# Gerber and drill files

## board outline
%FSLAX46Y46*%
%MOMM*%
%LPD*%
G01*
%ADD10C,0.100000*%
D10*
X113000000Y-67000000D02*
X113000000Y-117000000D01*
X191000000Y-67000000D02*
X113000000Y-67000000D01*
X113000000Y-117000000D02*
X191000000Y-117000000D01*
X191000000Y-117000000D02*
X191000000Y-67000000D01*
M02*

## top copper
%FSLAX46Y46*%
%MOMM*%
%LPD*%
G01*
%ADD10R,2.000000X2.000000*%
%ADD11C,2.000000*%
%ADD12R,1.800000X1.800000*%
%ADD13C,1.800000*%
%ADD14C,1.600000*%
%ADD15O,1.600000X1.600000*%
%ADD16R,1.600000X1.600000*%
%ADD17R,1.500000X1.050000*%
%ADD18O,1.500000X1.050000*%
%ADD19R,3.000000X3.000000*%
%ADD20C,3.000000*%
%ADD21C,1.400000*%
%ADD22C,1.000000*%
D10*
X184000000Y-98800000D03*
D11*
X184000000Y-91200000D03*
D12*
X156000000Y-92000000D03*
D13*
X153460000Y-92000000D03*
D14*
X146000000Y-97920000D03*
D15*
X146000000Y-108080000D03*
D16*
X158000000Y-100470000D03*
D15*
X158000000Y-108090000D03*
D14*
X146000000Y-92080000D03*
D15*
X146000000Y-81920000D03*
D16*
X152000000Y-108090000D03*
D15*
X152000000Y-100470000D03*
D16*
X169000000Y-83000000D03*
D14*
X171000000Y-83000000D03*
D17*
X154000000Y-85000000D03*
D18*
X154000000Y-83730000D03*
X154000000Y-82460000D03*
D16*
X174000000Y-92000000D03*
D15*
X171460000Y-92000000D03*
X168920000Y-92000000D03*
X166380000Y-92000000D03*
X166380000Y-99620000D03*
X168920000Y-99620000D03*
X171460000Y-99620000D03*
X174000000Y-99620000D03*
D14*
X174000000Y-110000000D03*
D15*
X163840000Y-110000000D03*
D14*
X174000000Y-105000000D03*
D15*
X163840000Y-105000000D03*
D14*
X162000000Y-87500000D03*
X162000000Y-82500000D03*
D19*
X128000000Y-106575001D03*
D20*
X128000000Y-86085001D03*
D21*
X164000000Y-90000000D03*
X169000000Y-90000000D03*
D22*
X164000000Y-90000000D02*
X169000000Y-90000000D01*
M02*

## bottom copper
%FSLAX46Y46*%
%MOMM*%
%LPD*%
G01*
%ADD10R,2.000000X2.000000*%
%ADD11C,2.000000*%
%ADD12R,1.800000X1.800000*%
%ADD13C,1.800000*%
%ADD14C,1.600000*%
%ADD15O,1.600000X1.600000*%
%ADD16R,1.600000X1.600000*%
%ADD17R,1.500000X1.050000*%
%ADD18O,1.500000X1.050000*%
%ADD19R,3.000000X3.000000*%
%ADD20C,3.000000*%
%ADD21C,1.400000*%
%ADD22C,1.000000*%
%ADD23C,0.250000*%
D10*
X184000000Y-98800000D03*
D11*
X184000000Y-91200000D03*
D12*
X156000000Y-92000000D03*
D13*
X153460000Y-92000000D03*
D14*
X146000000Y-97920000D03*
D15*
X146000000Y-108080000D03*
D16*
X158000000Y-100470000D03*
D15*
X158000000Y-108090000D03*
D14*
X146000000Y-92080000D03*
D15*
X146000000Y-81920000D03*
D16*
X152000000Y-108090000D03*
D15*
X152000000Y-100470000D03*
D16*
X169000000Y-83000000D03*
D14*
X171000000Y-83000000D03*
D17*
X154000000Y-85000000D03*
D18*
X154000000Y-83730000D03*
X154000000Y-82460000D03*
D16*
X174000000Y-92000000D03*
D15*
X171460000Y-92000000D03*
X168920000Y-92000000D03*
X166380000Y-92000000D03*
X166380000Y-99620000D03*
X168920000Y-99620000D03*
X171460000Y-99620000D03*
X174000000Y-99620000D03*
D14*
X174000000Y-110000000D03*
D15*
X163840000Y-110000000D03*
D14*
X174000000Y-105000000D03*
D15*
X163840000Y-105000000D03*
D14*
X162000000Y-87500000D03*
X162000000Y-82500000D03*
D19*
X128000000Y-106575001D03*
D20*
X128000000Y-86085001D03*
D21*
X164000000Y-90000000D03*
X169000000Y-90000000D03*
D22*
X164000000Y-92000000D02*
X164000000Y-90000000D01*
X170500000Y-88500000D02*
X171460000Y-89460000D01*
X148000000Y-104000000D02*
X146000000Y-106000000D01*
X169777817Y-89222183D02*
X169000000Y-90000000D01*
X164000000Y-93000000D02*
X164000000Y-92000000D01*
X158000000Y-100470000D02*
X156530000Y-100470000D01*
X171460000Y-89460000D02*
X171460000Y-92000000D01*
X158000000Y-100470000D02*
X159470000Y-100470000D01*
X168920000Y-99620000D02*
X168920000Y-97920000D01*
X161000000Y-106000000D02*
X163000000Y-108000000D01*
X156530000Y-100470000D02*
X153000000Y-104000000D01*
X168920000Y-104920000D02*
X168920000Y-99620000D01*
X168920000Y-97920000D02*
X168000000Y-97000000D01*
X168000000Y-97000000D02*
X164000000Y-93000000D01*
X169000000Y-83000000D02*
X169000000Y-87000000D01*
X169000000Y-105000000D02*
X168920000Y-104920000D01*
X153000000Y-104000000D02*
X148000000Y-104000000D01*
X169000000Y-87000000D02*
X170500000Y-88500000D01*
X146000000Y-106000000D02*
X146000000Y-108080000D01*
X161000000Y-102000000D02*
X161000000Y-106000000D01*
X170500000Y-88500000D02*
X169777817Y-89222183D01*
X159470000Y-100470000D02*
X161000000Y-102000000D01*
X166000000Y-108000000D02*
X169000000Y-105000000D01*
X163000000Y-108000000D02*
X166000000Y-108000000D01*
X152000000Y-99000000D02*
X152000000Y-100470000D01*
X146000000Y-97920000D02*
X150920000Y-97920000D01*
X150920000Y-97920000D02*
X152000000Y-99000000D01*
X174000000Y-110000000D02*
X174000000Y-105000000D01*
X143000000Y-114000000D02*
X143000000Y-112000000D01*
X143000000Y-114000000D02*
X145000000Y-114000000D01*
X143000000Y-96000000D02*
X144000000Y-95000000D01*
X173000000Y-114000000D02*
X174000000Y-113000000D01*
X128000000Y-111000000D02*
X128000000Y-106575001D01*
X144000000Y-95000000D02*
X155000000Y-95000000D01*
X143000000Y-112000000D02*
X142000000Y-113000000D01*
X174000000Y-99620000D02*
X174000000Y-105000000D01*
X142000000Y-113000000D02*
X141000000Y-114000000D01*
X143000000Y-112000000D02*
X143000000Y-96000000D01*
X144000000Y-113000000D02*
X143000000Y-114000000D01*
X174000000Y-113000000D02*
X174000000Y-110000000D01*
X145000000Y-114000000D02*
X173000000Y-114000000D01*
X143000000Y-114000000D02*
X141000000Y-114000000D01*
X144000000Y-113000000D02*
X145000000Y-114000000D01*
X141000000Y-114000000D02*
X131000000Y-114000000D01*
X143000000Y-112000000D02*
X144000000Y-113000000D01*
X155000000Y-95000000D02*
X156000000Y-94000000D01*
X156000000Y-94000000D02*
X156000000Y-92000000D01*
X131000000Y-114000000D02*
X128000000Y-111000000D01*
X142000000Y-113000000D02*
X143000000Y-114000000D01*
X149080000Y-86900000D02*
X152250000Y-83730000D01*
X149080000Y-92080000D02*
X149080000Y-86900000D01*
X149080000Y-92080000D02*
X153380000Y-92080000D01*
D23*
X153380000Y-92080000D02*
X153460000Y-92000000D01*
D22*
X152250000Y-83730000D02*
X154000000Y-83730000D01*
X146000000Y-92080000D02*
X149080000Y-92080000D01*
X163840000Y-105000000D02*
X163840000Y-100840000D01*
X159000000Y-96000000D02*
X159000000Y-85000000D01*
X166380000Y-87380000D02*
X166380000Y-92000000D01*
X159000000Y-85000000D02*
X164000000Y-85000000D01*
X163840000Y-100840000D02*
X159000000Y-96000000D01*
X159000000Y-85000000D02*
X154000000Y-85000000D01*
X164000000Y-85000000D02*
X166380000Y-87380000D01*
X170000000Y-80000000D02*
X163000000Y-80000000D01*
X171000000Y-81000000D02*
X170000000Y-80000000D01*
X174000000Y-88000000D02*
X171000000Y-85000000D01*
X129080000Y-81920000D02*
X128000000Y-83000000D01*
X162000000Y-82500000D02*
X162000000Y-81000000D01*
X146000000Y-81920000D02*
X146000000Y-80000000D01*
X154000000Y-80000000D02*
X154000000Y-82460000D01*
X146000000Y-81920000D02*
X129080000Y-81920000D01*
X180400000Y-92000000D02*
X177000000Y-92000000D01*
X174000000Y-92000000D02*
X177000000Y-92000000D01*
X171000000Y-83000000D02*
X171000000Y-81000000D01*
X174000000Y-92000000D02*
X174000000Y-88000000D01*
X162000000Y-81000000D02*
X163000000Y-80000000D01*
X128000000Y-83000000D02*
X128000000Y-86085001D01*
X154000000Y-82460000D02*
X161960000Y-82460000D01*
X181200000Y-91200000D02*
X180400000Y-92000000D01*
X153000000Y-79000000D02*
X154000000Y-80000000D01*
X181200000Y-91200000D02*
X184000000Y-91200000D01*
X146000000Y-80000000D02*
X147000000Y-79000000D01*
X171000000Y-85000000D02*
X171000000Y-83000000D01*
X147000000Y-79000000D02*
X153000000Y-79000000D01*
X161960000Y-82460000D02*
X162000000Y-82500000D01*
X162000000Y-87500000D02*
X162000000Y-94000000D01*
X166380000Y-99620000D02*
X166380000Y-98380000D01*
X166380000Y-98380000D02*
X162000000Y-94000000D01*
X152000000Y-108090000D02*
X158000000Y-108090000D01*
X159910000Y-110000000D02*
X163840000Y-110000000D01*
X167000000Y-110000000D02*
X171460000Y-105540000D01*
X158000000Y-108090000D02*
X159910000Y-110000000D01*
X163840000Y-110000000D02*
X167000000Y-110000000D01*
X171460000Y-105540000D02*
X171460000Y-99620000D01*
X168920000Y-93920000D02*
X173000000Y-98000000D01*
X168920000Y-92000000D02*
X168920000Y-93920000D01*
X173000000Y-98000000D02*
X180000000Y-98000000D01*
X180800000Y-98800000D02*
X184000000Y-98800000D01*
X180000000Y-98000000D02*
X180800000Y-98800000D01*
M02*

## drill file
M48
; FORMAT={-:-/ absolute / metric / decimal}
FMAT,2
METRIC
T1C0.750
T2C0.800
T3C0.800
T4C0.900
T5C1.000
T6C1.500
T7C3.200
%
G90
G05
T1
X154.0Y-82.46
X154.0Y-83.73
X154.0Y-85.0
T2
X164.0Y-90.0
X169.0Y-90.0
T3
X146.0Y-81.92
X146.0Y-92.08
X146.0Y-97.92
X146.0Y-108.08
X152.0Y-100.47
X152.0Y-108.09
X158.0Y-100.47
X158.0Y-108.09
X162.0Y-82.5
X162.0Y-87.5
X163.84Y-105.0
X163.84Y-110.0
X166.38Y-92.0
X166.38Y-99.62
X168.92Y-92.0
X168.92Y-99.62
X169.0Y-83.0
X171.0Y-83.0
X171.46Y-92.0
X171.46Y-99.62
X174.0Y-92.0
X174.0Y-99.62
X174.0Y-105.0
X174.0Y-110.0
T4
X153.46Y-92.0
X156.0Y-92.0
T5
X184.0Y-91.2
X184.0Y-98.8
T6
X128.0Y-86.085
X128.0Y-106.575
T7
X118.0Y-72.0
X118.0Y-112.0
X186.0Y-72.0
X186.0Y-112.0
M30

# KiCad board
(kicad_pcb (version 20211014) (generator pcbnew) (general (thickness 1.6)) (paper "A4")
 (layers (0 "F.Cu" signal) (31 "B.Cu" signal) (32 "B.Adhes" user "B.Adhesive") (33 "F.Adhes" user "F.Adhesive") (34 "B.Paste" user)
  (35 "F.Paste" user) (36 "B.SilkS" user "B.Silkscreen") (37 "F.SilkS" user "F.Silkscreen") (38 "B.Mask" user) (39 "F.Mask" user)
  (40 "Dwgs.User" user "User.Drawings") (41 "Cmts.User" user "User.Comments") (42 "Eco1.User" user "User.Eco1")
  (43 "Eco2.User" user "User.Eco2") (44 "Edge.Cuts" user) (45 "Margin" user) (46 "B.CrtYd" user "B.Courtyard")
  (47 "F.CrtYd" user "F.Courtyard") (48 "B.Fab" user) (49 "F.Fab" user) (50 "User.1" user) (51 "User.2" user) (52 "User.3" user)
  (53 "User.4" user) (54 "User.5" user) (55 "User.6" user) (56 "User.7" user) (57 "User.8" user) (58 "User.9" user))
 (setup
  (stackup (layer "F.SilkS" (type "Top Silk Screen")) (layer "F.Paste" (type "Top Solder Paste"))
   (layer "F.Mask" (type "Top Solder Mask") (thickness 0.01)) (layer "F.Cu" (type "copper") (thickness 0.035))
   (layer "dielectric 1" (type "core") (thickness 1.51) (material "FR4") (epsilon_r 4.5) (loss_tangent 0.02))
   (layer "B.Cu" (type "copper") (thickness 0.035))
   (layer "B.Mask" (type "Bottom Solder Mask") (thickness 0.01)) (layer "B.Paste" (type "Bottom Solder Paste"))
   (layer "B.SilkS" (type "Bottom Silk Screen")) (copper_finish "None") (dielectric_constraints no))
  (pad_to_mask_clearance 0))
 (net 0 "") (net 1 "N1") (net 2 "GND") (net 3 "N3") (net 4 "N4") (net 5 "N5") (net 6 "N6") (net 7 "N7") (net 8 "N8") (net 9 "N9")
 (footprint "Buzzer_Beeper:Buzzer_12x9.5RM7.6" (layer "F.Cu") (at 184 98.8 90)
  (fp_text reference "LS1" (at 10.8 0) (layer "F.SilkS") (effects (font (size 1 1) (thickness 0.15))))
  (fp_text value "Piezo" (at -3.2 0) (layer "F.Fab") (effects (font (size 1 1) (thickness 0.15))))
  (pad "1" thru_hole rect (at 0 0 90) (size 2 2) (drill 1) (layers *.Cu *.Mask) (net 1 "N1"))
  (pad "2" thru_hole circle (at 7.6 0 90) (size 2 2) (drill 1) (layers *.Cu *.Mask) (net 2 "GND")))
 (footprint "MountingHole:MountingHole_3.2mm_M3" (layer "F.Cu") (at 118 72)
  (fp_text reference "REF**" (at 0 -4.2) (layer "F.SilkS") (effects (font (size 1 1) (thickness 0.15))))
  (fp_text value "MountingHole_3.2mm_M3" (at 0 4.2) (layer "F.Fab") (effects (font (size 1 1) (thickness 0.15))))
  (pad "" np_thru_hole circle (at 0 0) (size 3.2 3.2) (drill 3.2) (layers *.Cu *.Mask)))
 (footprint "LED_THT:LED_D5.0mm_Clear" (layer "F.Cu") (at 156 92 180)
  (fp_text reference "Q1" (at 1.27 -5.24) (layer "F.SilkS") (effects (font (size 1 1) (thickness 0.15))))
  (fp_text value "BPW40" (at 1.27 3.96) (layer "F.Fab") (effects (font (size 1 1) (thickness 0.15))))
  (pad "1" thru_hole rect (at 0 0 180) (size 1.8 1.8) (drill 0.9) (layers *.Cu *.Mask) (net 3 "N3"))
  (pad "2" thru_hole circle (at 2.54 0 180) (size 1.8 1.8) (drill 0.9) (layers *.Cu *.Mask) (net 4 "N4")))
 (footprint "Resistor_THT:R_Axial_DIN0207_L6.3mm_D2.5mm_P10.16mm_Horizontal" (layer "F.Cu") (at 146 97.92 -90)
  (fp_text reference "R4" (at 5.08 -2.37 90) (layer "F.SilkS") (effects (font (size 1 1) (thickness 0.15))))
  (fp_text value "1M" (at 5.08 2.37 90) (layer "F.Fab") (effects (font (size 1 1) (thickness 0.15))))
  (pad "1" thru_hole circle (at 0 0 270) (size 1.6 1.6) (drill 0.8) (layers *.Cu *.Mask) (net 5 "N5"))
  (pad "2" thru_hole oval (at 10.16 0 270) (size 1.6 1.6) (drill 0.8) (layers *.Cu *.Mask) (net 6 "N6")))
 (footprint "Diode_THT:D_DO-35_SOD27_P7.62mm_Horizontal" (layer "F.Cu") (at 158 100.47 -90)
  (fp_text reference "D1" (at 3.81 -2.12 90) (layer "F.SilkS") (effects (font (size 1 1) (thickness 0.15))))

──────────

Problem -
Could you report all lines of the listing that hold "user"?

Solution for this problem -
 (layers (0 "F.Cu" signal) (31 "B.Cu" signal) (32 "B.Adhes" user "B.Adhesive") (33 "F.Adhes" user "F.Adhesive") (34 "B.Paste" user)
  (35 "F.Paste" user) (36 "B.SilkS" user "B.Silkscreen") (37 "F.SilkS" user "F.Silkscreen") (38 "B.Mask" user) (39 "F.Mask" user)
  (40 "Dwgs.User" user "User.Drawings") (41 "Cmts.User" user "User.Comments") (42 "Eco1.User" user "User.Eco1")
  (43 "Eco2.User" user "User.Eco2") (44 "Edge.Cuts" user) (45 "Margin" user) (46 "B.CrtYd" user "B.Courtyard")
  (47 "F.CrtYd" user "F.Courtyard") (48 "B.Fab" user) (49 "F.Fab" user) (50 "User.1" user) (51 "User.2" user) (52 "User.3" user)
  (53 "User.4" user) (54 "User.5" user) (55 "User.6" user) (56 "User.7" user) (57 "User.8" user) (58 "User.9" user))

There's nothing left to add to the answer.